Kadesma, let us know how it turns out! My daughter is doing Thanksgiving at her house this year, which will make life a lot easier for me. I'll make the dressing, and probably the giblit gravy, and a dessert. But I'd like to take something different, too, like the mushrooms.


----------



## kadesma (Nov 12, 2006)

Gretchen said:
			
		

> Oh, that sounds interesting and piqued me to start a list here by my computer of possible dishes. We have fresh picked crab from our beach trip in October in the freezer!!
> When I stuff mushrooms I saute them very lightly in butter before stuffing (you mention pre-baking). I think they stay "plumper" this way rather than the dry heat of the oven. Just an idea.
> I think I'll sprinkle with Parmigiano before baking also.
> I like the looks of this recipe for the baking powder addition to the mayo--that will make a nice puffy presentation.
> ...


Hi Gretchen,
i usually saute the mushrooms in butter and then cool before filling. I like them this way better than just baked with the filling . I did say I was going to pre-bake the mushrooms, as that is how the recipe was told to me, but I know when I start them in about an hour I'll end up with butter in the skillet and the mushrooms following close behind. They seem to be so much more moist and tasty this way. Glad you reminded me. 

kadesma


----------



## kadesma (Nov 12, 2006)

Constance said:
			
		

> Kadesma, let us know how it turns out! My daughter is doing Thanksgiving at her house this year, which will make life a lot easier for me. I'll make the dressing, and probably the giblit gravy, and a dessert. But I'd like to take something different, too, like the mushrooms.


Connie,
I'll be putting them together pretty soon and I'll let you know how they turn out. Sounds like you will have a wonderful Thanksgiving with your daughter. We're going to my daughters as well, only thing is I have to get there at day break to start the big bird 

kadesma


----------



## kadesma (Nov 12, 2006)

Michelemarie said:
			
		

> Kadesma, EVERYTHING you make is good - I wish we lived closer - I would pay to come eat at your house!
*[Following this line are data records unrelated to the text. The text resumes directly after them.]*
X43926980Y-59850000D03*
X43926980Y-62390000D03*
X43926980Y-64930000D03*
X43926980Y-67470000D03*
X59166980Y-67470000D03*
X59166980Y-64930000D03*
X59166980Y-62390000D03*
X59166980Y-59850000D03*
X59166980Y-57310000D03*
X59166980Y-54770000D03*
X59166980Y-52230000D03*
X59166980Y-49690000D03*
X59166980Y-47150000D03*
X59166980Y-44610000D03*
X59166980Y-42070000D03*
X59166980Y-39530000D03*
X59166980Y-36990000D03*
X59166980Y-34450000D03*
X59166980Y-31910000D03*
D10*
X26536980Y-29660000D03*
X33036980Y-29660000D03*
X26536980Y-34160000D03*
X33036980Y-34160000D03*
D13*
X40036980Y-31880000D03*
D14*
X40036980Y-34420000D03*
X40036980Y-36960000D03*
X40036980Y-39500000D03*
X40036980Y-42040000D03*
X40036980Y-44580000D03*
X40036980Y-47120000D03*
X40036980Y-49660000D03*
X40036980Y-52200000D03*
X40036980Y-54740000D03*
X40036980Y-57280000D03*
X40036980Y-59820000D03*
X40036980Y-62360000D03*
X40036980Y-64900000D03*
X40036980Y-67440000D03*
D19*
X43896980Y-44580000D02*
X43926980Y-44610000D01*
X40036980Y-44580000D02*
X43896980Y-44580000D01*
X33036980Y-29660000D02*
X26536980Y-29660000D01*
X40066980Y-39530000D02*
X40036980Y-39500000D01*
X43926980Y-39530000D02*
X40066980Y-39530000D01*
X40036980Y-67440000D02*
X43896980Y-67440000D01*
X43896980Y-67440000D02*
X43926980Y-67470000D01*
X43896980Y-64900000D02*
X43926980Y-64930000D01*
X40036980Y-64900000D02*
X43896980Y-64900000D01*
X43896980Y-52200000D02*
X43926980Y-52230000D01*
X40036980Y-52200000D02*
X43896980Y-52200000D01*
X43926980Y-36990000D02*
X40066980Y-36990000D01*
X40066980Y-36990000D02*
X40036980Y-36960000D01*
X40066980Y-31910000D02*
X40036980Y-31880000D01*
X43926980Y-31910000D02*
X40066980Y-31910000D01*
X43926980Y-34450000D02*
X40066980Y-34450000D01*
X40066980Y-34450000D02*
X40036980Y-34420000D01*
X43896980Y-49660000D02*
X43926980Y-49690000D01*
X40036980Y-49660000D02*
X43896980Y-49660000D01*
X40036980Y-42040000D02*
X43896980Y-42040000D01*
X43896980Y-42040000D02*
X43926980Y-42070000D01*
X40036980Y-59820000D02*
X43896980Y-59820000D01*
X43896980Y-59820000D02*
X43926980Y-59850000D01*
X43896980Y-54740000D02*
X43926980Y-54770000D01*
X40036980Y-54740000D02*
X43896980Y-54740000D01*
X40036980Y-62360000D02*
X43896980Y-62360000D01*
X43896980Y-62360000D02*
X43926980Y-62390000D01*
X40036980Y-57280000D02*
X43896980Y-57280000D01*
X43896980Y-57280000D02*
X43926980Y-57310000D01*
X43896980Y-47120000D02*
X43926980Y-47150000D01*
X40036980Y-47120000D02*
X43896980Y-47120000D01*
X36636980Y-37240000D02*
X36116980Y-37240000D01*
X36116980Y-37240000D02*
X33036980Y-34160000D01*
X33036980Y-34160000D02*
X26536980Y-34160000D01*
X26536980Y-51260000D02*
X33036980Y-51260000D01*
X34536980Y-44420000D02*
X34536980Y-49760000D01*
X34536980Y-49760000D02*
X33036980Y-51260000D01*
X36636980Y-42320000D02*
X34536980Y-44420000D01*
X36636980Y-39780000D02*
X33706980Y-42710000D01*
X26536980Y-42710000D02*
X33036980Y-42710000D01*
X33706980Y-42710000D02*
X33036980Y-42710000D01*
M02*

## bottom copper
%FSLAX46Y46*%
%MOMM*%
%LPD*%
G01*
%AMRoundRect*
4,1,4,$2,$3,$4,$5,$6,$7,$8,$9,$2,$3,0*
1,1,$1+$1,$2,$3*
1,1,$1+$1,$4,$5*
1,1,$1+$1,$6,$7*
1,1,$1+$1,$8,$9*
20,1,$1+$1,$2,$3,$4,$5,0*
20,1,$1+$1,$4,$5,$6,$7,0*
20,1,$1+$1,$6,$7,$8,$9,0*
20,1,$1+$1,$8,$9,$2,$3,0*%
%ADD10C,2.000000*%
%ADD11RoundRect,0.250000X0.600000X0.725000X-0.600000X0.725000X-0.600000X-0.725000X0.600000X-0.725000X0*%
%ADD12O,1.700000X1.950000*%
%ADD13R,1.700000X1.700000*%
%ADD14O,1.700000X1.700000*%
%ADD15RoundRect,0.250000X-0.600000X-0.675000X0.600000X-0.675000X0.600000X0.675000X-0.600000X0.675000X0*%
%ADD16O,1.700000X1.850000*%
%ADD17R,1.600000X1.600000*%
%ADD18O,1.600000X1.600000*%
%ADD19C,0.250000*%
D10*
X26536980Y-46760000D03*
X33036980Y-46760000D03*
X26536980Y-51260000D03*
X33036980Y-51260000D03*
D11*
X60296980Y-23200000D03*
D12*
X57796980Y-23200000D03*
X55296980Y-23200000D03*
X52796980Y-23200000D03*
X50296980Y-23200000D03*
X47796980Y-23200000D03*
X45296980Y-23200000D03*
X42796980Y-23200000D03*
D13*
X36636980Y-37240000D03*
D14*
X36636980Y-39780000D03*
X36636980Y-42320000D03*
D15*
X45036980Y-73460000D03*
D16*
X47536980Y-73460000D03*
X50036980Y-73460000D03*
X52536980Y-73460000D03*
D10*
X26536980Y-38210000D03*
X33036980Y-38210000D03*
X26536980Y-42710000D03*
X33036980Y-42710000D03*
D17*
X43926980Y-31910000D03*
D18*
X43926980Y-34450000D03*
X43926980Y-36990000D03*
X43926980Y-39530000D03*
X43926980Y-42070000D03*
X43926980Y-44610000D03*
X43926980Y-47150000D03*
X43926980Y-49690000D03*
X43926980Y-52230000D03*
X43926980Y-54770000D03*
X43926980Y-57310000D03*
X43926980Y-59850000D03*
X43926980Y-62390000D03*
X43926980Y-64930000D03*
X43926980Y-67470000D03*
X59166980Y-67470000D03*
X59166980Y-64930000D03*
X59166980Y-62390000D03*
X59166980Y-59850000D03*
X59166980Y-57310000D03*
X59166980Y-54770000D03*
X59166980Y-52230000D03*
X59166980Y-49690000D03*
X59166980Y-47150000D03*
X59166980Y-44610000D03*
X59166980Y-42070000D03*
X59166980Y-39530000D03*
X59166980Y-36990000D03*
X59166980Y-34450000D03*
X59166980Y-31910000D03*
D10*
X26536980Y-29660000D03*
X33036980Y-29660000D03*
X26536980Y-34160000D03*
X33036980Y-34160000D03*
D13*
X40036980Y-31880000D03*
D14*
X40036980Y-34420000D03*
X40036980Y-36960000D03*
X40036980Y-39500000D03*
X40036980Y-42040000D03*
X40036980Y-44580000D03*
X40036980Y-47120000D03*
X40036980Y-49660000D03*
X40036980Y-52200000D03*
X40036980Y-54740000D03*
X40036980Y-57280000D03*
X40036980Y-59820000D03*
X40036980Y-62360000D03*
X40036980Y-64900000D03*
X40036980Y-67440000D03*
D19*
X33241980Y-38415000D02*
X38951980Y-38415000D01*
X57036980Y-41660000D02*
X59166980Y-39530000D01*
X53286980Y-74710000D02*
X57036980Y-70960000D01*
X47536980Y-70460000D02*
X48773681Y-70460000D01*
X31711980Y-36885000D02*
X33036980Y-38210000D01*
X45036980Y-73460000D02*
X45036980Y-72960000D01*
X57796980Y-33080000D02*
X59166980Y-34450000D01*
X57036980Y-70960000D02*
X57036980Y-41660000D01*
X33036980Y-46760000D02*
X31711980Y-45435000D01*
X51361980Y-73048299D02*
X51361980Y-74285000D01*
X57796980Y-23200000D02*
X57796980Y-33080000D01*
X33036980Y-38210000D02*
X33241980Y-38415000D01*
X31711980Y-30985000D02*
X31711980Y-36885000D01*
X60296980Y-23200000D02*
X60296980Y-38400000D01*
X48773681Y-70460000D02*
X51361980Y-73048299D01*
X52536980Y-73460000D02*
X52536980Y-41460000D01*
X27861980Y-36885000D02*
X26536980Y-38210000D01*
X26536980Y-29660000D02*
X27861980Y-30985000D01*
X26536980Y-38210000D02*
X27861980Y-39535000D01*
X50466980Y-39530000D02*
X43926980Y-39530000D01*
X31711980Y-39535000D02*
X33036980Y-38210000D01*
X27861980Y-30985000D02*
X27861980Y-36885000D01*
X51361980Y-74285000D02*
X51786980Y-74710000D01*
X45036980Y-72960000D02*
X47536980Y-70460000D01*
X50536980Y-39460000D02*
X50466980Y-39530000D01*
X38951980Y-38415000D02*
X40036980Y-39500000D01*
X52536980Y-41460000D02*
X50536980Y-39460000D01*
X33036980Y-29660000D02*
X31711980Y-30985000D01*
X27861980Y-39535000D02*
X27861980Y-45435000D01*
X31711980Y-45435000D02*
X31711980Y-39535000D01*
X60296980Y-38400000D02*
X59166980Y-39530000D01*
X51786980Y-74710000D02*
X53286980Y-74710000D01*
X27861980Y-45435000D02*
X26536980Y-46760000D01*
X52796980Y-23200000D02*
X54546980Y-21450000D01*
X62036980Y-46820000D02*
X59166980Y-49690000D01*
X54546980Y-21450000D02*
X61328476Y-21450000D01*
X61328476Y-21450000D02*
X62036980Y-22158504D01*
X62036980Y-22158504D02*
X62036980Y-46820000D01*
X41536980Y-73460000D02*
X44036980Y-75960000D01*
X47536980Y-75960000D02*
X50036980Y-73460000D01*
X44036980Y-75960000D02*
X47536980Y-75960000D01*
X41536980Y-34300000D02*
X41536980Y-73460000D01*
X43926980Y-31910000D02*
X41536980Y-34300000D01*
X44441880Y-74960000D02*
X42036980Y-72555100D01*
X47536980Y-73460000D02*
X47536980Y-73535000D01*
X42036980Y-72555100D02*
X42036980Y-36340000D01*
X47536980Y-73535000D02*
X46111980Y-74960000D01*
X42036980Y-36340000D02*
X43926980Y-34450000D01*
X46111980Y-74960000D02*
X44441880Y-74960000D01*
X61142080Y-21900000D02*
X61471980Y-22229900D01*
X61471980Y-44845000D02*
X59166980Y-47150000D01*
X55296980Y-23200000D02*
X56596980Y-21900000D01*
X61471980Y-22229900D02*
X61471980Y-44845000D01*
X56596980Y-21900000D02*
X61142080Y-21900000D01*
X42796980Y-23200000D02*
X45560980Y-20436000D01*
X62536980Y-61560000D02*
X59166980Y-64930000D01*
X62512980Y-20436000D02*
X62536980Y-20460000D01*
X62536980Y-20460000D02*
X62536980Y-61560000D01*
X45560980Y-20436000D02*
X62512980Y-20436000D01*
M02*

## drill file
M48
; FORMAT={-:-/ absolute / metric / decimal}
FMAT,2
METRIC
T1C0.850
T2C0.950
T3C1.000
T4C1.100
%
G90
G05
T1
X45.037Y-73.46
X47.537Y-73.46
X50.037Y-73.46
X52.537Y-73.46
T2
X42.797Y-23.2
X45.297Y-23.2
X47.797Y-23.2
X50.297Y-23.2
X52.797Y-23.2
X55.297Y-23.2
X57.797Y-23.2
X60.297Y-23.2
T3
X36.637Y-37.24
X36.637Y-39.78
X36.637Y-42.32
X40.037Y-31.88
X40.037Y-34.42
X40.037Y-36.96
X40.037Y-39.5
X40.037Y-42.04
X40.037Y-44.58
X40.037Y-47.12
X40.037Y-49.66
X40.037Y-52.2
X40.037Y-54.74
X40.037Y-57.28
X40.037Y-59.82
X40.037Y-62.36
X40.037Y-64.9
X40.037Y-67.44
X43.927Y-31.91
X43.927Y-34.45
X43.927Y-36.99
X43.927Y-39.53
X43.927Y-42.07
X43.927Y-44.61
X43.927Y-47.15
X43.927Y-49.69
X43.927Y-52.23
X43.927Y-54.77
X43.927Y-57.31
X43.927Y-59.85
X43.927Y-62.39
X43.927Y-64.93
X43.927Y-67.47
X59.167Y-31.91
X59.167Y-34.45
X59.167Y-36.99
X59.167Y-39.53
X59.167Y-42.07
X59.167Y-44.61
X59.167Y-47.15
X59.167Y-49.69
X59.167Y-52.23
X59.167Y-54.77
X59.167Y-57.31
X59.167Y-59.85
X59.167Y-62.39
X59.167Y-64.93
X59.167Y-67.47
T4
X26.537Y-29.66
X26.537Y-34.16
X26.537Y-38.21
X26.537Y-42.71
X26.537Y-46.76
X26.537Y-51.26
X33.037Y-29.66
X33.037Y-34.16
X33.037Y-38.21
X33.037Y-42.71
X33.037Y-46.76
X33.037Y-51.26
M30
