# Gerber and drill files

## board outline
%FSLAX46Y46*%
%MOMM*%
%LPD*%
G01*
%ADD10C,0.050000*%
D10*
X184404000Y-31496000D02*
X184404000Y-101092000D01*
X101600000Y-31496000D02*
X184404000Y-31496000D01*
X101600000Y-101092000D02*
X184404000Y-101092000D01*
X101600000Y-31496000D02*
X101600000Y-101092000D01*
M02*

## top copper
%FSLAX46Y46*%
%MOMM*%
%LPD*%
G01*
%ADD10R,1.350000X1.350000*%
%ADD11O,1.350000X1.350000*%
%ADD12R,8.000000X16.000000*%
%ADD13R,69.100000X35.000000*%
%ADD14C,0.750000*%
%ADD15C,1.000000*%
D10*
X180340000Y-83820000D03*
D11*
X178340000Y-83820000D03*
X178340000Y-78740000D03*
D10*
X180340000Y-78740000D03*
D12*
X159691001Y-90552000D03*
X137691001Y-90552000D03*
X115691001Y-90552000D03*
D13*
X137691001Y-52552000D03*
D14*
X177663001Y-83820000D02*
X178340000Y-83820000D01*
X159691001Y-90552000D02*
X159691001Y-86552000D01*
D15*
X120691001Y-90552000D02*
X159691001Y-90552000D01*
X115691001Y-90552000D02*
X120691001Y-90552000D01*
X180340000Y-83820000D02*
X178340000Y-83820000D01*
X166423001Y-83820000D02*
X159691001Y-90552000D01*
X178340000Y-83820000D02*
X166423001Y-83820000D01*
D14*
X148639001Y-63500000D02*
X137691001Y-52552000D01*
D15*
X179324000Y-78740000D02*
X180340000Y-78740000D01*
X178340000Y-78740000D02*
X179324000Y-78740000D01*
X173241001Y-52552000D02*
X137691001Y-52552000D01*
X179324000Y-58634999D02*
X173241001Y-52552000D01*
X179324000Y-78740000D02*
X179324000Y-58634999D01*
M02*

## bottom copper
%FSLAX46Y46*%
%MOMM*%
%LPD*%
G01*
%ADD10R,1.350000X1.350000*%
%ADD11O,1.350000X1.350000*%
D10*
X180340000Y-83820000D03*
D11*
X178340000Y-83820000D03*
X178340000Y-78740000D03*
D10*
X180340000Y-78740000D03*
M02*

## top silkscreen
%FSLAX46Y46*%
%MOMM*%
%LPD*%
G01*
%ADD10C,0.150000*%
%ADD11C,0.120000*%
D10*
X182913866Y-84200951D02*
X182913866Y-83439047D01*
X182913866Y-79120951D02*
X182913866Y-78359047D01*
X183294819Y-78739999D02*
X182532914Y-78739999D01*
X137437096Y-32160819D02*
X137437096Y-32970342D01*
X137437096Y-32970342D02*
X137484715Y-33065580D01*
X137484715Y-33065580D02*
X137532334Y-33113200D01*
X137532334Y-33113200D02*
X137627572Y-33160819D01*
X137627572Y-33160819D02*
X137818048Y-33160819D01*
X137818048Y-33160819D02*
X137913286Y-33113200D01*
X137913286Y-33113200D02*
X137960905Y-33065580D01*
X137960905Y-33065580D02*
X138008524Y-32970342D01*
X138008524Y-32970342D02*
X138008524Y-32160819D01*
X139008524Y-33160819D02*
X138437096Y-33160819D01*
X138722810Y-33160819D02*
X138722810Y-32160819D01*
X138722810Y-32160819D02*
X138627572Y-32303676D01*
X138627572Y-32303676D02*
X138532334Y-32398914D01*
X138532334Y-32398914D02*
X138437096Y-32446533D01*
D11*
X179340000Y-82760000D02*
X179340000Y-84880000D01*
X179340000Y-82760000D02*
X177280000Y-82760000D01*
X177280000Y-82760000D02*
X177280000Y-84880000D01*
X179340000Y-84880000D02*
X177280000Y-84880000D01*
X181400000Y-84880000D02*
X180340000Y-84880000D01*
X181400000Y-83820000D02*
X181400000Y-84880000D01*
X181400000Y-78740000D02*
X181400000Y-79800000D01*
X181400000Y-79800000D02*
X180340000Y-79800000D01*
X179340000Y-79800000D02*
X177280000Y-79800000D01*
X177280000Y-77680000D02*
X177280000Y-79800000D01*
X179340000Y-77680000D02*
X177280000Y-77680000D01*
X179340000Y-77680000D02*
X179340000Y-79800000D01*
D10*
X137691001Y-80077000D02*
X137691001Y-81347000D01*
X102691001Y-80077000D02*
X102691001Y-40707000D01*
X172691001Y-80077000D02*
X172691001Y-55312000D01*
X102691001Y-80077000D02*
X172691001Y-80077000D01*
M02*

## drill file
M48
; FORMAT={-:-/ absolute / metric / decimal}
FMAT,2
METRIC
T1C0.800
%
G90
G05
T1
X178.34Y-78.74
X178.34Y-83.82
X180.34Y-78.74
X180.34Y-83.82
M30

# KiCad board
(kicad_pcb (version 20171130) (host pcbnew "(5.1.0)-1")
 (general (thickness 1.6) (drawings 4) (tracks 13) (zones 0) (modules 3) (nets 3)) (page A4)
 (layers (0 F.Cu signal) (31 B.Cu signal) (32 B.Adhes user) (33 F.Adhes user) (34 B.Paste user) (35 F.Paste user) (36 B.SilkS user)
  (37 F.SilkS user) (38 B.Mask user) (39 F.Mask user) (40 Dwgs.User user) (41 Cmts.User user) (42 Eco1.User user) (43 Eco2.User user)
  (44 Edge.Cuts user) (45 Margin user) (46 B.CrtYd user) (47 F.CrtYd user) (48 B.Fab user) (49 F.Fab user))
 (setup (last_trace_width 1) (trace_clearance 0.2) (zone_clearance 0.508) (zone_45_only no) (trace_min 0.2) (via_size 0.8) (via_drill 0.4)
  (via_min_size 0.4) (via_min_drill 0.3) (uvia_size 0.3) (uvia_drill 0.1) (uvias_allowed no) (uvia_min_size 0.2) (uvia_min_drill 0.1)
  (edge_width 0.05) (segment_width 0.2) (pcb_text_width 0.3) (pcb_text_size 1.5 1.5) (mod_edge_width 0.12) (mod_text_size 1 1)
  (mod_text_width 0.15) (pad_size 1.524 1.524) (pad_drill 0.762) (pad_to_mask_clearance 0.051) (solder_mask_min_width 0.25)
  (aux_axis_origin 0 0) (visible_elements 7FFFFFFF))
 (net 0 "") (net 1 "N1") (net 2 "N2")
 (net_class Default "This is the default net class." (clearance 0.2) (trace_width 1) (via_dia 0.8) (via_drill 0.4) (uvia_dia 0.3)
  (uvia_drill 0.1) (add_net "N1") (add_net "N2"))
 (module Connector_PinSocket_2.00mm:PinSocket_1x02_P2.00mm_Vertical (layer F.Cu) (at 180.34 83.82 270)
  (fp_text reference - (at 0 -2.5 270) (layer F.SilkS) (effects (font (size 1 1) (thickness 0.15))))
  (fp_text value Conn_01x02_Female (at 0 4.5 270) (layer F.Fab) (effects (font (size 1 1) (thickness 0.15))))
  (fp_line (start -1.06 1) (end 1.06 1) (layer F.SilkS) (width 0.12))
  (fp_line (start -1.06 1) (end -1.06 3.06) (layer F.SilkS) (width 0.12))
  (fp_line (start -1.06 3.06) (end 1.06 3.06) (layer F.SilkS) (width 0.12))
  (fp_line (start 1.06 1) (end 1.06 3.06) (layer F.SilkS) (width 0.12))
  (fp_line (start 1.06 -1.06) (end 1.06 0) (layer F.SilkS) (width 0.12))
  (fp_line (start 0 -1.06) (end 1.06 -1.06) (layer F.SilkS) (width 0.12))
  (pad 1 thru_hole rect (at 0 0 270) (size 1.35 1.35) (drill 0.8) (layers *.Cu *.Mask) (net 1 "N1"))
  (pad 2 thru_hole oval (at 0 2 270) (size 1.35 1.35) (drill 0.8) (layers *.Cu *.Mask) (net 1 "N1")))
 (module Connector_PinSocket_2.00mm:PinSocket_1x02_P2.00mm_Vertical (layer F.Cu) (at 180.34 78.74 270)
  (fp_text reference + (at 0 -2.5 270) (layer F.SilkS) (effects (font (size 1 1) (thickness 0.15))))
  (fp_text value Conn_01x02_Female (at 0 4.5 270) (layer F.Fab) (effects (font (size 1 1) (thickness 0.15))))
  (fp_line (start 0 -1.06) (end 1.06 -1.06) (layer F.SilkS) (width 0.12))
  (fp_line (start 1.06 -1.06) (end 1.06 0) (layer F.SilkS) (width 0.12))
  (fp_line (start 1.06 1) (end 1.06 3.06) (layer F.SilkS) (width 0.12))
  (fp_line (start -1.06 3.06) (end 1.06 3.06) (layer F.SilkS) (width 0.12))
  (fp_line (start -1.06 1) (end -1.06 3.06) (layer F.SilkS) (width 0.12))
  (fp_line (start -1.06 1) (end 1.06 1) (layer F.SilkS) (width 0.12))
  (pad 2 thru_hole oval (at 0 2 270) (size 1.35 1.35) (drill 0.8) (layers *.Cu *.Mask) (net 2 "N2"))
  (pad 1 thru_hole rect (at 0 0 270) (size 1.35 1.35) (drill 0.8) (layers *.Cu *.Mask) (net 2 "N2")))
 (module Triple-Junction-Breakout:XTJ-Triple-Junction (layer F.Cu) (at 137.691001 70.552)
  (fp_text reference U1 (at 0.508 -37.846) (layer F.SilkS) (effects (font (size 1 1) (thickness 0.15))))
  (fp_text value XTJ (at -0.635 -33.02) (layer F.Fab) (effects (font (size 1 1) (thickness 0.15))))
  (fp_line (start 0 9.525) (end 0 10.795) (layer F.SilkS) (width 0.15))
  (fp_line (start -35 9.525) (end -35 -29.845) (layer F.SilkS) (width 0.15))
  (fp_line (start 35 9.525) (end 35 -15.24) (layer F.SilkS) (width 0.15))
  (fp_line (start -35 9.525) (end 35 9.525) (layer F.SilkS) (width 0.15))
  (pad 3 smd rect (at 22 20) (size 8 16) (layers F.Cu F.Paste F.Mask) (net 1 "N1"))
  (pad 2 smd rect (at 0 20) (size 8 16) (layers F.Cu F.Paste F.Mask) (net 1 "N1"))
  (pad 1 smd rect (at -22 20) (size 8 16) (layers F.Cu F.Paste F.Mask) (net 1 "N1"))
  (pad 4 smd rect (at 0 -18) (size 69.1 35) (layers F.Cu F.Paste F.Mask) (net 2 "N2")))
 (gr_line (start 184.404 31.496) (end 184.404 101.092) (layer Edge.Cuts) (width 0.05))
 (gr_line (start 101.6 31.496) (end 184.404 31.496) (layer Edge.Cuts) (width 0.05))
 (gr_line (start 101.6 101.092) (end 184.404 101.092) (layer Edge.Cuts) (width 0.05))
 (gr_line (start 101.6 31.496) (end 101.6 101.092) (layer Edge.Cuts) (width 0.05))
 (segment (start 177.663001 83.82) (end 178.34 83.82) (width 0.75) (layer F.Cu) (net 1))
 (segment (start 159.691001 90.552) (end 159.691001 86.552) (width 0.75) (layer F.Cu) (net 1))
 (segment (start 120.691001 90.552) (end 159.691001 90.552) (width 1) (layer F.Cu) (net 1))
 (segment (start 115.691001 90.552) (end 120.691001 90.552) (width 1) (layer F.Cu) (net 1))
 (segment (start 180.34 83.82) (end 178.34 83.82) (width 1) (layer F.Cu) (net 1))
 (segment (start 166.423001 83.82) (end 159.691001 90.552) (width 1) (layer F.Cu) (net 1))
 (segment (start 178.34 83.82) (end 166.423001 83.82) (width 1) (layer F.Cu) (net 1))
 (segment (start 148.639001 63.5) (end 137.691001 52.552) (width 0.75) (layer F.Cu) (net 2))
 (segment (start 179.324 78.74) (end 180.34 78.74) (width 1) (layer F.Cu) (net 2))
 (segment (start 178.34 78.74) (end 179.324 78.74) (width 1) (layer F.Cu) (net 2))
 (segment (start 173.241001 52.552) (end 137.691001 52.552) (width 1) (layer F.Cu) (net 2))
 (segment (start 179.324 58.634999) (end 173.241001 52.552) (width 1) (layer F.Cu) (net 2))
 (segment (start 179.324 78.74) (end 179.324 58.634999) (width 1) (layer F.Cu) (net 2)))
Oh no you would not. My friends don't pay  I'd just make ya bring a pie 

I wish you lived closer too. I'd so enjoy your company.

kadesma


----------



## kadesma (Nov 12, 2006)

_Wanted to give you an idea how these came out. I mixed everything but the egg and tasted the filling, it was nice but rather blad to me. So I added more lemon juice,and I chopped up a bunch of green onions green and white parts and added this to the mixture, tasted it and it was really good. Now I have to cook them and see what I get  Will let you know on that._
_kadesma_


----------



## Shunka (Nov 12, 2006)

Ohh!! eat one for me!! They sound so good!!


----------



## Half Baked (Nov 12, 2006)

Next time, to spice it up a bit, try using some Old Bay.  I just use my crabcake recipe to stuff the mushrooms.

Your's sounds real good!


----------



## kadesma (Nov 12, 2006)

Shunka said:
			
		

> Ohh!! eat one for me!! They sound so good!!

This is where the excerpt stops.